Stored items:
__________

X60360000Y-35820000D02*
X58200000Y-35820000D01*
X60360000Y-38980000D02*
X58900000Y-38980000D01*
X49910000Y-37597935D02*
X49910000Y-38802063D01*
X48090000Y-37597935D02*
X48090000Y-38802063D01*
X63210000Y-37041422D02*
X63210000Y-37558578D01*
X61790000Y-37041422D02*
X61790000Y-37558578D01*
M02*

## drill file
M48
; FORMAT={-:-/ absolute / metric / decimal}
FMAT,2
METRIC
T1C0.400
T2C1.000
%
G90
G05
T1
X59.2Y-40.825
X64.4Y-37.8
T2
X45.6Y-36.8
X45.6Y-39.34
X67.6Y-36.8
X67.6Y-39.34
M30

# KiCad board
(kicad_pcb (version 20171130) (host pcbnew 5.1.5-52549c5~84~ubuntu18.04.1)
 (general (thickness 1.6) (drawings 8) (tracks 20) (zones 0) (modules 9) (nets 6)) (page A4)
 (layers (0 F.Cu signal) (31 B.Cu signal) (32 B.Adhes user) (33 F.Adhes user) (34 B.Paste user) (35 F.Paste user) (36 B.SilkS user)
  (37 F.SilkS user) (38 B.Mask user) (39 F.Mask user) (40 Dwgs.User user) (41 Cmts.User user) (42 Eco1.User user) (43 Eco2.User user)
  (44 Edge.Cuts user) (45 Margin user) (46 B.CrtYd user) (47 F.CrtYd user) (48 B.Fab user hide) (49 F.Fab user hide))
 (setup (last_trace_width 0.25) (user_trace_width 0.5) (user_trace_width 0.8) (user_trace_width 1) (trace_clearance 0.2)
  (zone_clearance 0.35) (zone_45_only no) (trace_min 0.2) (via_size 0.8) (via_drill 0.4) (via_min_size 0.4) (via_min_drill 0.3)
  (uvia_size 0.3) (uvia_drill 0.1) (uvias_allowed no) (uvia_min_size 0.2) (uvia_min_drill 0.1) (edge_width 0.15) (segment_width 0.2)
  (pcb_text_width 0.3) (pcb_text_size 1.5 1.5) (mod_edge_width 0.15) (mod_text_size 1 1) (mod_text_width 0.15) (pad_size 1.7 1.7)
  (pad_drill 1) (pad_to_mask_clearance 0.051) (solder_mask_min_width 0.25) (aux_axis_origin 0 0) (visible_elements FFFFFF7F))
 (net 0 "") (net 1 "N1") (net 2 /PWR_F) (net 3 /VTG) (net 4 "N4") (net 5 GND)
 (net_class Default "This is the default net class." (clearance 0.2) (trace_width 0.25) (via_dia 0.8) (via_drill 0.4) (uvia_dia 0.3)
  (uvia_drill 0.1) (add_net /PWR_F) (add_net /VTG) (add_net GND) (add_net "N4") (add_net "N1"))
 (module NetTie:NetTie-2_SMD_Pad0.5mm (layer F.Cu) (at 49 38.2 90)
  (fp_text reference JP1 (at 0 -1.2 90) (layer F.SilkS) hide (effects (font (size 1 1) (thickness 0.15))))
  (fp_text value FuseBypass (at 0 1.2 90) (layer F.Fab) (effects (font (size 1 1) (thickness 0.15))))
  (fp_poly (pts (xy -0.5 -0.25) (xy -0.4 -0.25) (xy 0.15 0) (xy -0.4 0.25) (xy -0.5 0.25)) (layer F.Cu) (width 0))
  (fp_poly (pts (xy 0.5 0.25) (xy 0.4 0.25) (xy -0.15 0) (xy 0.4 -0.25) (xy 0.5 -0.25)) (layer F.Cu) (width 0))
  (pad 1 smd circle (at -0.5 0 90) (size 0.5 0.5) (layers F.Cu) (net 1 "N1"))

__________

PROBLEM STATEMENT: In the records, locate each line holding the string "layers" and copy it.

REPLY:
 (layers (0 F.Cu signal) (31 B.Cu signal) (32 B.Adhes user) (33 F.Adhes user) (34 B.Paste user) (35 F.Paste user) (36 B.SilkS user)
  (pad 1 smd circle (at -0.5 0 90) (size 0.5 0.5) (layers F.Cu) (net 1 "N1"))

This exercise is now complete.